The answer must be an exact reproduction of the lines from the start of the records below through the line containing "1,1,$1+$1,$8,$9*", and nothing more.

Excerpted records:
*** Begin section ***

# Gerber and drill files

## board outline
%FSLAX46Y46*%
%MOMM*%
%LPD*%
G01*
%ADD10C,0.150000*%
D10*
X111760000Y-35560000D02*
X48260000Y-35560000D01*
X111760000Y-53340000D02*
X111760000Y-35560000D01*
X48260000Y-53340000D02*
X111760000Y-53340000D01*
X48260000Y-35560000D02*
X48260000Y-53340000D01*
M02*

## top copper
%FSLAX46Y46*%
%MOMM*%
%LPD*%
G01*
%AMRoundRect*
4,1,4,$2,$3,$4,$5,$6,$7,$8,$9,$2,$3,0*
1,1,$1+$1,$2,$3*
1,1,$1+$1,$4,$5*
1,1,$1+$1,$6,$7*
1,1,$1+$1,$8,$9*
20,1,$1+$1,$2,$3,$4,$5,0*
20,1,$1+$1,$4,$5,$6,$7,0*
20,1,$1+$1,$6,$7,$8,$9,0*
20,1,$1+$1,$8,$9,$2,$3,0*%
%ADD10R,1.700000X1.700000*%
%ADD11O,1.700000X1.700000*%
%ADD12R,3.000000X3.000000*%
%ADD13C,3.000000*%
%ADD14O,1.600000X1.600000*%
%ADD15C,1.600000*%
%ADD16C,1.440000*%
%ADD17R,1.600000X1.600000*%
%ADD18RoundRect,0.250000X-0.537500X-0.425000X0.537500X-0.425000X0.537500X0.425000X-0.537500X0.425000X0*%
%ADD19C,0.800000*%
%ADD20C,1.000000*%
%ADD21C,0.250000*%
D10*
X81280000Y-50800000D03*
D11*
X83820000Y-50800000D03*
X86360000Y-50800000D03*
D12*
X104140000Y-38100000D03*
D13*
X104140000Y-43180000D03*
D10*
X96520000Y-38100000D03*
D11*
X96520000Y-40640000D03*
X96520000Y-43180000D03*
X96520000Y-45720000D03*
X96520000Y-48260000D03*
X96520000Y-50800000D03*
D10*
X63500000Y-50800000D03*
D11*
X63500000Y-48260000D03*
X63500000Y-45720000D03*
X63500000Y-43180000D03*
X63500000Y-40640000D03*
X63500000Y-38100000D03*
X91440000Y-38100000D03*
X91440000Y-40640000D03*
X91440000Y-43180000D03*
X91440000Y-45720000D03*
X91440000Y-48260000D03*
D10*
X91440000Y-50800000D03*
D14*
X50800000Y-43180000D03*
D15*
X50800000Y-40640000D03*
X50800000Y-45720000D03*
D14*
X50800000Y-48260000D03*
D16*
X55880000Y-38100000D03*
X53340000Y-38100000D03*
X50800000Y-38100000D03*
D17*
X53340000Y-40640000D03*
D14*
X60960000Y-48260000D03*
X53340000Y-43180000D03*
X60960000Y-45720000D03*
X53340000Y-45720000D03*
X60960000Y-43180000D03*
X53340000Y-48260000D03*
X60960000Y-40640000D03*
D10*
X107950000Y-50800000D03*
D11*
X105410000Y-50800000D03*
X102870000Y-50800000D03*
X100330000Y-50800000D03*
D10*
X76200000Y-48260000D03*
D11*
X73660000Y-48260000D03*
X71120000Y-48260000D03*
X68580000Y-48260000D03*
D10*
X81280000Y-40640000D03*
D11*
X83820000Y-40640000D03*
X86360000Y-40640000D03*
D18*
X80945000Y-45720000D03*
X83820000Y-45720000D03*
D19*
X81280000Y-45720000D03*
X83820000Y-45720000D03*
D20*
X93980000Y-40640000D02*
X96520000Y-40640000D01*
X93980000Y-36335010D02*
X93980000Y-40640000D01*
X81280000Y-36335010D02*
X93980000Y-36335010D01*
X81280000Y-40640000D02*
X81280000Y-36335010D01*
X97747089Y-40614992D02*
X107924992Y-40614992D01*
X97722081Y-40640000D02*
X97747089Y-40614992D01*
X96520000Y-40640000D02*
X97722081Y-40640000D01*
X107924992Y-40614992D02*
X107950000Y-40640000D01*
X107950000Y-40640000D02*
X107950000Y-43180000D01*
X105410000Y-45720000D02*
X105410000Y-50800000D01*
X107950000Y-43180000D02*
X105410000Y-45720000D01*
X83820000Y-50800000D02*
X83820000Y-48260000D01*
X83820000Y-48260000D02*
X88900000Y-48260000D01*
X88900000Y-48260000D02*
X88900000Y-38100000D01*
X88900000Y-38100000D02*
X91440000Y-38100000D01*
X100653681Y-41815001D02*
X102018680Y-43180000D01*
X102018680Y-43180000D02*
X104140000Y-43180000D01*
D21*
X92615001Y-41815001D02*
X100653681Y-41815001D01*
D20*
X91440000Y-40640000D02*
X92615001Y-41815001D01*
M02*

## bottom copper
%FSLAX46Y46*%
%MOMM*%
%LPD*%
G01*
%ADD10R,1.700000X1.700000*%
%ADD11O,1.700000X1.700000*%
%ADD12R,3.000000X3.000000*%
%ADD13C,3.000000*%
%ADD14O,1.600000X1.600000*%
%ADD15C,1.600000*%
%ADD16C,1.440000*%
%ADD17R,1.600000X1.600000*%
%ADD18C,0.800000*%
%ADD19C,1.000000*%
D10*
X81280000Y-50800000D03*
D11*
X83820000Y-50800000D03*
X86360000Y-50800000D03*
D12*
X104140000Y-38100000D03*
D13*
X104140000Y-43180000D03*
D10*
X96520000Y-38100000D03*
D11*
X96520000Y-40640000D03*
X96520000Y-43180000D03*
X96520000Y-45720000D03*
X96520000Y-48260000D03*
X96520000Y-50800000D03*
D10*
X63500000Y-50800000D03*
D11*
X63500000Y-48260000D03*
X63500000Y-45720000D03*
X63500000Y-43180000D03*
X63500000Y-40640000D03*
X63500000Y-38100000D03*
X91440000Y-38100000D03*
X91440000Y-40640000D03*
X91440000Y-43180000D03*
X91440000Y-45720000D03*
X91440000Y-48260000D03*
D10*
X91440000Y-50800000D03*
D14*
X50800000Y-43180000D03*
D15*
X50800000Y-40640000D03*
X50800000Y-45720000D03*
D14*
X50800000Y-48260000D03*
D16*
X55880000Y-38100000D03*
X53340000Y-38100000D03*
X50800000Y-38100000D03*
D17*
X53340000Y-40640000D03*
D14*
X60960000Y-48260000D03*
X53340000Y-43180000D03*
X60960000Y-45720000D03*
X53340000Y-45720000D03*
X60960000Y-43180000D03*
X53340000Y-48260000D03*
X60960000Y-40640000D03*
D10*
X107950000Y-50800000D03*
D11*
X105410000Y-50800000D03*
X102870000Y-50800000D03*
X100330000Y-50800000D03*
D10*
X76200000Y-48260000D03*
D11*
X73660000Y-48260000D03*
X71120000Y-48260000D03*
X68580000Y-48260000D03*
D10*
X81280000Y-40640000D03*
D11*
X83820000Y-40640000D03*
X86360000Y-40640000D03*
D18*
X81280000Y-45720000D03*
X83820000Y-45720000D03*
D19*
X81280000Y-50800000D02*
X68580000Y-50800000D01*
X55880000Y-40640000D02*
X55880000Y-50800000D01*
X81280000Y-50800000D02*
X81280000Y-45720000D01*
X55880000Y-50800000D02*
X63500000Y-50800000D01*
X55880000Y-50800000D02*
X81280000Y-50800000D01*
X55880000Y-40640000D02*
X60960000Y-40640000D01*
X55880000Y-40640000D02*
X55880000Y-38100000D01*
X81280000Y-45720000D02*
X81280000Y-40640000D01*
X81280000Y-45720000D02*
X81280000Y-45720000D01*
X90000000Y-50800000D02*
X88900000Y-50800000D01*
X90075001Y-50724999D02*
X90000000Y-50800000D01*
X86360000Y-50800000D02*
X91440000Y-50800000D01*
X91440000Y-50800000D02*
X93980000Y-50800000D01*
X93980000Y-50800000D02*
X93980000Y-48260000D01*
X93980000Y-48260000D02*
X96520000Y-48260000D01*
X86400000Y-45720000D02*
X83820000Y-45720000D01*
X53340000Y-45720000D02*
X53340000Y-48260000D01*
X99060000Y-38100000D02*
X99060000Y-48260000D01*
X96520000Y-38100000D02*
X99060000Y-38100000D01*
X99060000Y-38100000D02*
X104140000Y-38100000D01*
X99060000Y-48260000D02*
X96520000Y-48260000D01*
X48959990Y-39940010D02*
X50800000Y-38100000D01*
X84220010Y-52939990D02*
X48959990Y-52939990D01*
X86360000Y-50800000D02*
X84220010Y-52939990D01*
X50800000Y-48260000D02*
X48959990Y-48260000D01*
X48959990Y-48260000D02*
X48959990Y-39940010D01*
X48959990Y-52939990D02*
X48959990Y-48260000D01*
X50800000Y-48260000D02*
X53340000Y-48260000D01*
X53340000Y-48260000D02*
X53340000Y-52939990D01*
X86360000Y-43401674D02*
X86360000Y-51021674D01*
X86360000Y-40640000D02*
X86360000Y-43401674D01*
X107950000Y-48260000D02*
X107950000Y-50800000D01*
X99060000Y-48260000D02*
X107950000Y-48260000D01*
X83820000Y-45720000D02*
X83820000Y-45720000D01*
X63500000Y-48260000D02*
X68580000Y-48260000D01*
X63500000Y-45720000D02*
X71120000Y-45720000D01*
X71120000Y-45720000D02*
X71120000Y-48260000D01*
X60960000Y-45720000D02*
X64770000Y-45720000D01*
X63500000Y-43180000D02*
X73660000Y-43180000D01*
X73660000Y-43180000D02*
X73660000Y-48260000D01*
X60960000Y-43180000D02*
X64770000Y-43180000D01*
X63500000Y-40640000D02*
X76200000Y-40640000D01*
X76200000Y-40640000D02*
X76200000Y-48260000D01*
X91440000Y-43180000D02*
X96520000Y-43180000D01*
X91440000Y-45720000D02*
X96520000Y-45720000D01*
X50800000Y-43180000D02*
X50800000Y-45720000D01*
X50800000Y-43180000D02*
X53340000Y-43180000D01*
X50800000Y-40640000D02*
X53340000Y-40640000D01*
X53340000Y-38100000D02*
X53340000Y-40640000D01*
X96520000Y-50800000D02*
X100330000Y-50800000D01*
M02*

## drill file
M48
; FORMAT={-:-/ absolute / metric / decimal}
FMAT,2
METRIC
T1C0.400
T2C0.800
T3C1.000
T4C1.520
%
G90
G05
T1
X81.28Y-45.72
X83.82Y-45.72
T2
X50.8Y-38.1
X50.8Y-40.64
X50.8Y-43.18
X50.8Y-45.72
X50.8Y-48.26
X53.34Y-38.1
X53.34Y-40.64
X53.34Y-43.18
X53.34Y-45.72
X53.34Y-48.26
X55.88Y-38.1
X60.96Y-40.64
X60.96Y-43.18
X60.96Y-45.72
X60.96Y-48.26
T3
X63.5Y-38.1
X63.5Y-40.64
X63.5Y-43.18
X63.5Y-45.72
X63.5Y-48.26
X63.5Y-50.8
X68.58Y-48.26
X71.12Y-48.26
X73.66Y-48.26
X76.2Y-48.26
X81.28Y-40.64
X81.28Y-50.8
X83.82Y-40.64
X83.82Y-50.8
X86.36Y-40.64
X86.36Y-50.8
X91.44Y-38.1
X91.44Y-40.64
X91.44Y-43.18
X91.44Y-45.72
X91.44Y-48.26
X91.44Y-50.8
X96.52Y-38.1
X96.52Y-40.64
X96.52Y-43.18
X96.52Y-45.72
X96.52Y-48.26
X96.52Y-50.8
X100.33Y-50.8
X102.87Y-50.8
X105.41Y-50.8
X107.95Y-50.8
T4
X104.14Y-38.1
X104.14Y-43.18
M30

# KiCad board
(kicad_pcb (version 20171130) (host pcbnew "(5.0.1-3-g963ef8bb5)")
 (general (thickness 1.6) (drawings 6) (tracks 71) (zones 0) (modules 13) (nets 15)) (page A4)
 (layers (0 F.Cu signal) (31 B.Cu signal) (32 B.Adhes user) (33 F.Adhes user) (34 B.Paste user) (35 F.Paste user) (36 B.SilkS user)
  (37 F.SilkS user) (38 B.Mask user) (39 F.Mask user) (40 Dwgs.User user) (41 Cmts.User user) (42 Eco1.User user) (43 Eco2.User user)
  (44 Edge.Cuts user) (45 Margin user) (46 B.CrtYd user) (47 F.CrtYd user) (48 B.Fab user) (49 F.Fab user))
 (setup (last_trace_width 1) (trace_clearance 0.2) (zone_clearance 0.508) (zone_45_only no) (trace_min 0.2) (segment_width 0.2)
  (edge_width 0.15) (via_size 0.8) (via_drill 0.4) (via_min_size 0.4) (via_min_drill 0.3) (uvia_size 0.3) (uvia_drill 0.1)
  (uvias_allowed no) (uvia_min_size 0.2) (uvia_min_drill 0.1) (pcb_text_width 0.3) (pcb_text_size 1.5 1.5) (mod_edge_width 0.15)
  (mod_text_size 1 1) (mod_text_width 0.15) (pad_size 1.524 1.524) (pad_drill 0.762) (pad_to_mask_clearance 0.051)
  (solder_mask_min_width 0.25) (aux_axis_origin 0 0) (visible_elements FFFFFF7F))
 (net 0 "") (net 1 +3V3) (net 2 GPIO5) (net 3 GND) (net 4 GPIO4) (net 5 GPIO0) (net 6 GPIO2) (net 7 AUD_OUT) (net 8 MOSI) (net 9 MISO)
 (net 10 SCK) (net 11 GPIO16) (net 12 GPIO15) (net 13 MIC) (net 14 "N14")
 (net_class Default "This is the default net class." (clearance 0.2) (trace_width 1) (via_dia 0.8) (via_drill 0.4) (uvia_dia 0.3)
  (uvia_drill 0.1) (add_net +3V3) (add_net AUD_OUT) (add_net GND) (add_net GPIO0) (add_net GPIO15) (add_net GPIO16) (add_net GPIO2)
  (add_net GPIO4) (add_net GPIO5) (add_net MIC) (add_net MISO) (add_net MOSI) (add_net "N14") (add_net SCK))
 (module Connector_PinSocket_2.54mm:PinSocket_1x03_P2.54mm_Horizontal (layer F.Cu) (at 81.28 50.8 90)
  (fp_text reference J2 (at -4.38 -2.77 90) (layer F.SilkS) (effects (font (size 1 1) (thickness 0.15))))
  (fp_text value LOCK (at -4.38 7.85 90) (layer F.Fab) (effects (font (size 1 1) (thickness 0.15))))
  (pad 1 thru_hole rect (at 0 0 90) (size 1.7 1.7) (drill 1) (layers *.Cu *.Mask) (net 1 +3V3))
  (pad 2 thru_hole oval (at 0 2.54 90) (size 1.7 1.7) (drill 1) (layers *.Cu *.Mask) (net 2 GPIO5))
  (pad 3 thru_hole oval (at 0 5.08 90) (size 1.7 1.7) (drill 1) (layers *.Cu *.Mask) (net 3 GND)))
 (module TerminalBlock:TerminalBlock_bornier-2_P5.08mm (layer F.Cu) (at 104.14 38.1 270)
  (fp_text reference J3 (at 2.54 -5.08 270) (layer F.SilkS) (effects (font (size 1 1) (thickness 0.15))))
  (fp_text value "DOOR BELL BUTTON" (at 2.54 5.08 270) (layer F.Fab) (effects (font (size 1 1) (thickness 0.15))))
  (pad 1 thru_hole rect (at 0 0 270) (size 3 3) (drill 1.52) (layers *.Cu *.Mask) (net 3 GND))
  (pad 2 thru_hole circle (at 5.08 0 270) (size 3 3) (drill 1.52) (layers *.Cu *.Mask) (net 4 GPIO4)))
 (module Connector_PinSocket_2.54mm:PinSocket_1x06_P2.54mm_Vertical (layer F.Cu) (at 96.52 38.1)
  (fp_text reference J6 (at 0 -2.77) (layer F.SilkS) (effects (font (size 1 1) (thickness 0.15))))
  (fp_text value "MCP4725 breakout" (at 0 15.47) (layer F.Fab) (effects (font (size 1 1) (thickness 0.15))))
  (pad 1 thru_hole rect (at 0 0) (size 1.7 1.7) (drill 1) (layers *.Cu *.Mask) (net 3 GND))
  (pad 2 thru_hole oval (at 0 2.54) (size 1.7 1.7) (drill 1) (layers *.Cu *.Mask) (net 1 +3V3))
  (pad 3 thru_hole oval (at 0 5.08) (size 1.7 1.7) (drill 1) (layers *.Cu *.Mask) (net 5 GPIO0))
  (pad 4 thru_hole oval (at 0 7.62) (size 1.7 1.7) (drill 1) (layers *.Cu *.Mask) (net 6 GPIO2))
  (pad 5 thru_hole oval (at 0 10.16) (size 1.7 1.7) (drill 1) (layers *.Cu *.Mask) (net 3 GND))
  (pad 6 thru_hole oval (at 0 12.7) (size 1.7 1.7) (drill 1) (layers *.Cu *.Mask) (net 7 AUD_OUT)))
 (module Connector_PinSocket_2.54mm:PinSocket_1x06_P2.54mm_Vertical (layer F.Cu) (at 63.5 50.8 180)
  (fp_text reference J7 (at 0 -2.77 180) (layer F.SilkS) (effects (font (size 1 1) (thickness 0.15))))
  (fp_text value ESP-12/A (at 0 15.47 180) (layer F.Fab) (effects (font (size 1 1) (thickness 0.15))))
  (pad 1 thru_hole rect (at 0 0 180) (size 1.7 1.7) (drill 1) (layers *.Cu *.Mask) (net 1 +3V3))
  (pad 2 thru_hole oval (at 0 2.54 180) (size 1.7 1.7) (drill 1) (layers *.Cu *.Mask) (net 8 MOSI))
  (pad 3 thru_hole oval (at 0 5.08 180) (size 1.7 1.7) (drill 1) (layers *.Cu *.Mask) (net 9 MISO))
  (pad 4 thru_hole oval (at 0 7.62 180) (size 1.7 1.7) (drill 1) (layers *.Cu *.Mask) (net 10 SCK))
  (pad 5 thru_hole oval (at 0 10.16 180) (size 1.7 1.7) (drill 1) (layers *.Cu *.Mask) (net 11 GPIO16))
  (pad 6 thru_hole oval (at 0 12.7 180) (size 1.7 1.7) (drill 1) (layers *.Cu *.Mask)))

*** End section ***

Your response:
# Gerber and drill files

## board outline
%FSLAX46Y46*%
%MOMM*%
%LPD*%
G01*
%ADD10C,0.150000*%
D10*
X111760000Y-35560000D02*
X48260000Y-35560000D01*
X111760000Y-53340000D02*
X111760000Y-35560000D01*
X48260000Y-53340000D02*
X111760000Y-53340000D01*
X48260000Y-35560000D02*
X48260000Y-53340000D01*
M02*

## top copper
%FSLAX46Y46*%
%MOMM*%
%LPD*%
G01*
%AMRoundRect*
4,1,4,$2,$3,$4,$5,$6,$7,$8,$9,$2,$3,0*
1,1,$1+$1,$2,$3*
1,1,$1+$1,$4,$5*
1,1,$1+$1,$6,$7*
1,1,$1+$1,$8,$9*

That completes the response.